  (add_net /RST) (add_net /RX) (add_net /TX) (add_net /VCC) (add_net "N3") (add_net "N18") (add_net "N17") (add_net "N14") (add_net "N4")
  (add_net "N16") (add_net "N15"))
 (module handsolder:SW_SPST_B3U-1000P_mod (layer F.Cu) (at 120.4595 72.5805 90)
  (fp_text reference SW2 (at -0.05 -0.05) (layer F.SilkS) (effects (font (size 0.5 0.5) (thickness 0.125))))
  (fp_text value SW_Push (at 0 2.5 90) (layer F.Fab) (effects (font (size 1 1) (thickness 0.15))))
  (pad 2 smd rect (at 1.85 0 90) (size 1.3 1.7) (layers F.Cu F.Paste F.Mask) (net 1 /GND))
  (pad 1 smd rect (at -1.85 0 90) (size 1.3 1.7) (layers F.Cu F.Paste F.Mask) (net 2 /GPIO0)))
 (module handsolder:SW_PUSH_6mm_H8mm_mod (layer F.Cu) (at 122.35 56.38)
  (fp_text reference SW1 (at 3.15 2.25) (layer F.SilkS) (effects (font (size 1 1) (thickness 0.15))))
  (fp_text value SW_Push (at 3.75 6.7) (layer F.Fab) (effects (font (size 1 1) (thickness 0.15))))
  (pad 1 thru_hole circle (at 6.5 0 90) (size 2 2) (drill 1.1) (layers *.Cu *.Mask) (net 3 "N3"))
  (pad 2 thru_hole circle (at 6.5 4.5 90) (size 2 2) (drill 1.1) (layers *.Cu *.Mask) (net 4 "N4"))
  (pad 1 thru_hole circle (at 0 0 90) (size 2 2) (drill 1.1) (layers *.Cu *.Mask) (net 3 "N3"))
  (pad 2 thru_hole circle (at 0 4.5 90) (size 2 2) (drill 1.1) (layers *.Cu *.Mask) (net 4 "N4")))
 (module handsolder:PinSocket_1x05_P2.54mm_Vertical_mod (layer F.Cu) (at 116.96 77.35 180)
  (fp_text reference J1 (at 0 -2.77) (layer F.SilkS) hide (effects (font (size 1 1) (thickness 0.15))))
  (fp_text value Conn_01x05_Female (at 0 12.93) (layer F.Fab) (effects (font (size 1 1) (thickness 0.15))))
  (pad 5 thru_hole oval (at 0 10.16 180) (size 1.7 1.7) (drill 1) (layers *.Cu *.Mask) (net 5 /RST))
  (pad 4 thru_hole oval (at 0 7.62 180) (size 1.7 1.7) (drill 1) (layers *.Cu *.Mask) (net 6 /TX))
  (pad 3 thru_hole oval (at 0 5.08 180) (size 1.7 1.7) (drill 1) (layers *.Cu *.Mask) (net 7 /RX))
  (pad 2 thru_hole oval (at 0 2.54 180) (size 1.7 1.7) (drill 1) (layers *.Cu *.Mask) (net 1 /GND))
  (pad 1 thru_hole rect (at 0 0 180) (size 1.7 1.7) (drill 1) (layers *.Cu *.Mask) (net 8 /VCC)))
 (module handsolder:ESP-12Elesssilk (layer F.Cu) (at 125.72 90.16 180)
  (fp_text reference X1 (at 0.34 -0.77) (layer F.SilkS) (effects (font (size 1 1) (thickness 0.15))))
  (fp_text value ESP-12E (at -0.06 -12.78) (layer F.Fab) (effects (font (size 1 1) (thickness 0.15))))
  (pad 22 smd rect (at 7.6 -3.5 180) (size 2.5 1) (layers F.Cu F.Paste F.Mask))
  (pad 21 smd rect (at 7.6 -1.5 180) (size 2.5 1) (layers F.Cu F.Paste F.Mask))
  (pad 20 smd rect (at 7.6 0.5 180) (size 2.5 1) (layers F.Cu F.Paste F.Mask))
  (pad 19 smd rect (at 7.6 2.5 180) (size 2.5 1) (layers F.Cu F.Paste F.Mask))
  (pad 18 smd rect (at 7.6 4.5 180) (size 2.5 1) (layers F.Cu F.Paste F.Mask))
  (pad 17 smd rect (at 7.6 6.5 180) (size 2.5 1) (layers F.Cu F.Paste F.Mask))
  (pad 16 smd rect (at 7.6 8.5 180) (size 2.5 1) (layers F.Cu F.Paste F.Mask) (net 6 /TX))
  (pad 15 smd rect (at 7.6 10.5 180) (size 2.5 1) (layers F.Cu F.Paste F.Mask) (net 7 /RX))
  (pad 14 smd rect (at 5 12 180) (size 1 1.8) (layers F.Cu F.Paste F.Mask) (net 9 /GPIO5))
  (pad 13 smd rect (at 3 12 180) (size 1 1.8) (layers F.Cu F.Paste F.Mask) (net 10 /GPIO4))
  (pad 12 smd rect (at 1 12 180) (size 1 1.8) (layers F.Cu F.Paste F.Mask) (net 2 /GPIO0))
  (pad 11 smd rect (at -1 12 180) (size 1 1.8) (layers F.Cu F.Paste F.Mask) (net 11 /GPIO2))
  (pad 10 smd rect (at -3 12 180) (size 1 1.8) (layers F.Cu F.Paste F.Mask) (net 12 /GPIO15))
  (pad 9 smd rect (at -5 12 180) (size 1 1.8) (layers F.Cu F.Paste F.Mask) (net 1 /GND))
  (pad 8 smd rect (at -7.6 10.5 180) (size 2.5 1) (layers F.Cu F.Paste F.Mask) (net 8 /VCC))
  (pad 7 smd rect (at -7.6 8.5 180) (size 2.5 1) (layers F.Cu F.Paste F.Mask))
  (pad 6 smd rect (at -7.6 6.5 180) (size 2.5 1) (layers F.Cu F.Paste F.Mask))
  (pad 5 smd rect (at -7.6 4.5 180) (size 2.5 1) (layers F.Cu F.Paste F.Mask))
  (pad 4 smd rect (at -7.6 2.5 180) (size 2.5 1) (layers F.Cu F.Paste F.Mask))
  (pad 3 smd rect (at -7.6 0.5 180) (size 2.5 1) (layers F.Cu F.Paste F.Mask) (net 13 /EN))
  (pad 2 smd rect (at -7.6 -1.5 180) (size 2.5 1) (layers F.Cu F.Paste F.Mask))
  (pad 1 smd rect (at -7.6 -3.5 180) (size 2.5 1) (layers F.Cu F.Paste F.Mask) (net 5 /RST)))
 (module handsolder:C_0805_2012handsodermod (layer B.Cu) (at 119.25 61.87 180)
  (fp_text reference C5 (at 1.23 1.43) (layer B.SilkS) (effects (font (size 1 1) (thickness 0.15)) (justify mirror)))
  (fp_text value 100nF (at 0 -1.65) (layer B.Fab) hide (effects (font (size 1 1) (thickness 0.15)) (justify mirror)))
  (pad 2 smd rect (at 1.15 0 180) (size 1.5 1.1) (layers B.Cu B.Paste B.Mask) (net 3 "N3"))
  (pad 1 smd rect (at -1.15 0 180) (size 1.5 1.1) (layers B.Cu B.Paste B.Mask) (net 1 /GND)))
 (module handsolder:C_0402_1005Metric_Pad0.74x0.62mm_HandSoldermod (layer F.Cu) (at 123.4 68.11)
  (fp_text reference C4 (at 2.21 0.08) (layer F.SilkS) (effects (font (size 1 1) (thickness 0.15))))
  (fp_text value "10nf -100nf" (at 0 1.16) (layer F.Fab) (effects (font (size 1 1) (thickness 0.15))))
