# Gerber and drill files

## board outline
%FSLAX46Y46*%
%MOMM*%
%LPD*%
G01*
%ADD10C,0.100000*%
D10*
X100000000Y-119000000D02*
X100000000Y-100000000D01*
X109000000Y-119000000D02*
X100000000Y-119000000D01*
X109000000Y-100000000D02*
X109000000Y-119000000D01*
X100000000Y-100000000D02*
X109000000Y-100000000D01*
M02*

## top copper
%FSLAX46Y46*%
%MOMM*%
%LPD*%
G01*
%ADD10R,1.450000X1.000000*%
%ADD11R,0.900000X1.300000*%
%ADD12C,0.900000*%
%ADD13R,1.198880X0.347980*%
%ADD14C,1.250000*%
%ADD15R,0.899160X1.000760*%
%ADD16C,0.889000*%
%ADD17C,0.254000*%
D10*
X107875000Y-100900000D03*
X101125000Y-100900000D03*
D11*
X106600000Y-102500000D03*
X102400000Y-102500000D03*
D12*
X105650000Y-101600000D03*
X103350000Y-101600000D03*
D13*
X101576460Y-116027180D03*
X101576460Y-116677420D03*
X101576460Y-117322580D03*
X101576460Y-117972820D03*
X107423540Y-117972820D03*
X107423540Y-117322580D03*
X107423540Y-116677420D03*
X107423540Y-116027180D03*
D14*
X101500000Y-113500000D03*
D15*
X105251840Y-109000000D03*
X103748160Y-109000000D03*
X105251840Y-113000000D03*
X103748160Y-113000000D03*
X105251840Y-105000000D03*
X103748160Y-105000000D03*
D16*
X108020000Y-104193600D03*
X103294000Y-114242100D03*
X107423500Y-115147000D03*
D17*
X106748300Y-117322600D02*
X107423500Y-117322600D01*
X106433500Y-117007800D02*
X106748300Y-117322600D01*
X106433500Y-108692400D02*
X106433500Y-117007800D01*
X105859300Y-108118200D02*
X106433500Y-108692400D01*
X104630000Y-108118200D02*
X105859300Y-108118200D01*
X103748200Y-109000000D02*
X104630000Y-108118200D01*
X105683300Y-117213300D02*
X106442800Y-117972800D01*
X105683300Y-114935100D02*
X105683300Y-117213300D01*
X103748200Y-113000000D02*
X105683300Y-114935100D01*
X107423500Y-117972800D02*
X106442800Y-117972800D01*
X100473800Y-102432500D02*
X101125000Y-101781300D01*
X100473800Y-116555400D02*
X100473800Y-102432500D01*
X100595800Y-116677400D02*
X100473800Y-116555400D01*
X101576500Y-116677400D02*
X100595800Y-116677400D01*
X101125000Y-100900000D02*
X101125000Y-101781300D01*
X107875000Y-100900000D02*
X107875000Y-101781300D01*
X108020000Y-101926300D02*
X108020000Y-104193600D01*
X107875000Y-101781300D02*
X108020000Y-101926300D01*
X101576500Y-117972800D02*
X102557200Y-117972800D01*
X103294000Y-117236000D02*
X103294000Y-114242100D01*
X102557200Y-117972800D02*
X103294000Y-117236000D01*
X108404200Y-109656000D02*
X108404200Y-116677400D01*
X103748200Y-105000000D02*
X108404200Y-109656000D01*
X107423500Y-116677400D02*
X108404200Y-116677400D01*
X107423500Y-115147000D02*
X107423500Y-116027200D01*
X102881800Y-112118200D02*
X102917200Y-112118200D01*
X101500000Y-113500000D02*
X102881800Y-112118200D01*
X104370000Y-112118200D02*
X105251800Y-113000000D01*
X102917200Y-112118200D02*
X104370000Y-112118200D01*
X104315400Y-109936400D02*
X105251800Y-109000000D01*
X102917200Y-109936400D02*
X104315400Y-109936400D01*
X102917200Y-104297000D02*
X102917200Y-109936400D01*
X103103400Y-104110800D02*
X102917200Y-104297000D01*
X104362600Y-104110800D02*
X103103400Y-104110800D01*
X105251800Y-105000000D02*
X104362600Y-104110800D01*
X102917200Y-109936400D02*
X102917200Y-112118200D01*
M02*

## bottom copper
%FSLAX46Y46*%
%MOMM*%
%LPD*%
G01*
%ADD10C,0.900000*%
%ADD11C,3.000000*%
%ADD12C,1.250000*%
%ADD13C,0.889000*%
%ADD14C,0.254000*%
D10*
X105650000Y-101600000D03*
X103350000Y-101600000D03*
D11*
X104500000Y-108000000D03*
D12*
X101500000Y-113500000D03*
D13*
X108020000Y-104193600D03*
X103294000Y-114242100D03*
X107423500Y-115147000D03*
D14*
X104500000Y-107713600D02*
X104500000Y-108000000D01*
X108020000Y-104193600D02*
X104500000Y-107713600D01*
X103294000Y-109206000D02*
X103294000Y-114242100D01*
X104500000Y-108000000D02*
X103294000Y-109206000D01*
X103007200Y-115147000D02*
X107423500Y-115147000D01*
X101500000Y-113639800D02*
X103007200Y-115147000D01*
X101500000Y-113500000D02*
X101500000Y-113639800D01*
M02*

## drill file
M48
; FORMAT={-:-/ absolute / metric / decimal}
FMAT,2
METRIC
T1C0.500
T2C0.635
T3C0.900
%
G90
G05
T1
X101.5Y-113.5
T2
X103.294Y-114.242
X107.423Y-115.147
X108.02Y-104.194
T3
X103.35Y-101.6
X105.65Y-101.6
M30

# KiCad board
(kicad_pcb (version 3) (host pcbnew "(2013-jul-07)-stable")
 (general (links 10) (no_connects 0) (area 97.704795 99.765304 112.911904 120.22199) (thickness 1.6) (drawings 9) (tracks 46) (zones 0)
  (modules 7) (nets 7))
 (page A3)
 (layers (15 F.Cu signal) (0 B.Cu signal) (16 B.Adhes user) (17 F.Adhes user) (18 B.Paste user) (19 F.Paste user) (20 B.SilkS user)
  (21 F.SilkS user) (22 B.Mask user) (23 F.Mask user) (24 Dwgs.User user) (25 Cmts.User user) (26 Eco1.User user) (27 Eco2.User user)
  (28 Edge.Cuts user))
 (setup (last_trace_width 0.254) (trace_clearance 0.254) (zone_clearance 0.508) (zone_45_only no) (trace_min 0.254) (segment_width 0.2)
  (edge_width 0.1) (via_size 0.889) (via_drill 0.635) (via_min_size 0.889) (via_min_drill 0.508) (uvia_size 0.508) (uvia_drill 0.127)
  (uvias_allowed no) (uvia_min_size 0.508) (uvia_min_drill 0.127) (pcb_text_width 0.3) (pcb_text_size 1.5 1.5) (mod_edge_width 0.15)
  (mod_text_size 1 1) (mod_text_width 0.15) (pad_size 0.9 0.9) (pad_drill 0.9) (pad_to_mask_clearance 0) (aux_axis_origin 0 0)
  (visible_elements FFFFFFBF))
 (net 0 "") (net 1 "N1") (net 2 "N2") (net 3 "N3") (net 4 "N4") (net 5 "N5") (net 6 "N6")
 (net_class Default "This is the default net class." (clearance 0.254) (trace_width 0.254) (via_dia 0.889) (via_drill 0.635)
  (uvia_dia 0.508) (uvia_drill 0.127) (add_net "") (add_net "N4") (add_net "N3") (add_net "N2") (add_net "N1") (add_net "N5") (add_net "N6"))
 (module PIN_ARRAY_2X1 (layer F.Cu) (at 104.5 101.6 180)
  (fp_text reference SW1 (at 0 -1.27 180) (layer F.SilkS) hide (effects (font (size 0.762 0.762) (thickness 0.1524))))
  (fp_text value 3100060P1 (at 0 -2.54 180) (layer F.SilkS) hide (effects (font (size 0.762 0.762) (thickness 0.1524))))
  (pad 1 smd rect (at -3.375 0.7 180) (size 1.45 1) (layers F.Cu F.Paste F.Mask) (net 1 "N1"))
  (pad 2 smd rect (at 3.375 0.7 180) (size 1.45 1) (layers F.Cu F.Paste F.Mask) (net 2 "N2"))
  (pad 3 smd rect (at -2.1 -0.9 180) (size 0.9 1.3) (layers F.Cu F.Paste F.Mask))
  (pad 4 smd rect (at 2.1 -0.9 180) (size 0.9 1.3) (layers F.Cu F.Paste F.Mask))
  (pad "" thru_hole circle (at -1.15 0 180) (size 0.9 0.9) (drill 0.9) (layers *.Cu *.Mask F.SilkS))
  (pad "" thru_hole circle (at 1.15 0 180) (size 0.9 0.9) (drill 0.9) (layers *.Cu *.Mask F.SilkS)))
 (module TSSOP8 (layer F.Cu) (at 104.5 117)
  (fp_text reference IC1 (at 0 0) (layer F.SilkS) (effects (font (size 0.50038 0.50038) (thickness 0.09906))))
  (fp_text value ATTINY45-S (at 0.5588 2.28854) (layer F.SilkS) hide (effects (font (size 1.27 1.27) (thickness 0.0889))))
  (pad 1 smd rect (at -2.92354 -0.97282) (size 1.19888 0.34798) (layers F.Cu F.Paste F.Mask))
  (pad 2 smd rect (at -2.92354 -0.32258) (size 1.19888 0.34798) (layers F.Cu F.Paste F.Mask) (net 2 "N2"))
  (pad 3 smd rect (at -2.92354 0.32258) (size 1.19888 0.34798) (layers F.Cu F.Paste F.Mask))
  (pad 4 smd rect (at -2.92354 0.97282) (size 1.19888 0.34798) (layers F.Cu F.Paste F.Mask) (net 1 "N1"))
  (pad 5 smd rect (at 2.92354 0.97282) (size 1.19888 0.34798) (layers F.Cu F.Paste F.Mask) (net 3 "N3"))
  (pad 6 smd rect (at 2.92354 0.32258) (size 1.19888 0.34798) (layers F.Cu F.Paste F.Mask) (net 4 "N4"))
  (pad 7 smd rect (at 2.92354 -0.32258) (size 1.19888 0.34798) (layers F.Cu F.Paste F.Mask) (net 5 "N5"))
  (pad 8 smd rect (at 2.92354 -0.97282) (size 1.19888 0.34798) (layers F.Cu F.Paste F.Mask) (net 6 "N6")))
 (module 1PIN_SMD (layer B.Cu) (at 104.5 108)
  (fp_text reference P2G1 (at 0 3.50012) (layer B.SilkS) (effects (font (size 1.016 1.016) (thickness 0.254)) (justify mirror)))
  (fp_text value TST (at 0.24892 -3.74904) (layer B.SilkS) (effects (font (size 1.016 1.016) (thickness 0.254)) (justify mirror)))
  (pad 1 smd circle (at 0 0) (size 3 3) (layers B.Cu B.Paste B.SilkS B.Mask) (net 1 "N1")))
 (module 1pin (layer F.Cu) (at 101.5 113.5)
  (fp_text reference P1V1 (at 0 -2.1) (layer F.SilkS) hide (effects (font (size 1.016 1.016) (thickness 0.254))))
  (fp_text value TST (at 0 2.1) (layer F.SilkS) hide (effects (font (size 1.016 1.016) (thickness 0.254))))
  (pad 1 thru_hole circle (at 0 0) (size 1.25 1.25) (drill 0.5) (layers *.Cu *.Mask F.SilkS) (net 6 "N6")))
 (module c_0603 (layer F.Cu) (at 104.5 109)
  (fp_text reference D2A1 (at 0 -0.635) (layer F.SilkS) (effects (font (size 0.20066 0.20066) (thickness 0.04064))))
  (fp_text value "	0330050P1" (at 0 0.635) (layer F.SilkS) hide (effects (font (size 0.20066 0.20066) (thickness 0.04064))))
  (pad 1 smd rect (at 0.75184 0) (size 0.89916 1.00076) (layers F.Cu F.Paste F.Mask) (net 6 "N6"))
  (pad 2 smd rect (at -0.75184 0) (size 0.89916 1.00076) (layers F.Cu F.Paste F.Mask) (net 4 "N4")))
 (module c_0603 (layer F.Cu) (at 104.5 113)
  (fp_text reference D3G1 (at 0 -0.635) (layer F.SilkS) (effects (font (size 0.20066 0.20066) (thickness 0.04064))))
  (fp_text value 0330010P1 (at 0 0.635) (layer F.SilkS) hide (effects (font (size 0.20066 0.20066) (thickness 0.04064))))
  (pad 1 smd rect (at 0.75184 0) (size 0.89916 1.00076) (layers F.Cu F.Paste F.Mask) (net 6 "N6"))
  (pad 2 smd rect (at -0.75184 0) (size 0.89916 1.00076) (layers F.Cu F.Paste F.Mask) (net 3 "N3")))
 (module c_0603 (layer F.Cu) (at 104.5 105)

* _PROBLEM TO WORK ON_
The expected answer is each line of the records above that includes the string "user".

* _WRITTEN ANSWER_
 (layers (15 F.Cu signal) (0 B.Cu signal) (16 B.Adhes user) (17 F.Adhes user) (18 B.Paste user) (19 F.Paste user) (20 B.SilkS user)
  (21 F.SilkS user) (22 B.Mask user) (23 F.Mask user) (24 Dwgs.User user) (25 Cmts.User user) (26 Eco1.User user) (27 Eco2.User user)
  (28 Edge.Cuts user))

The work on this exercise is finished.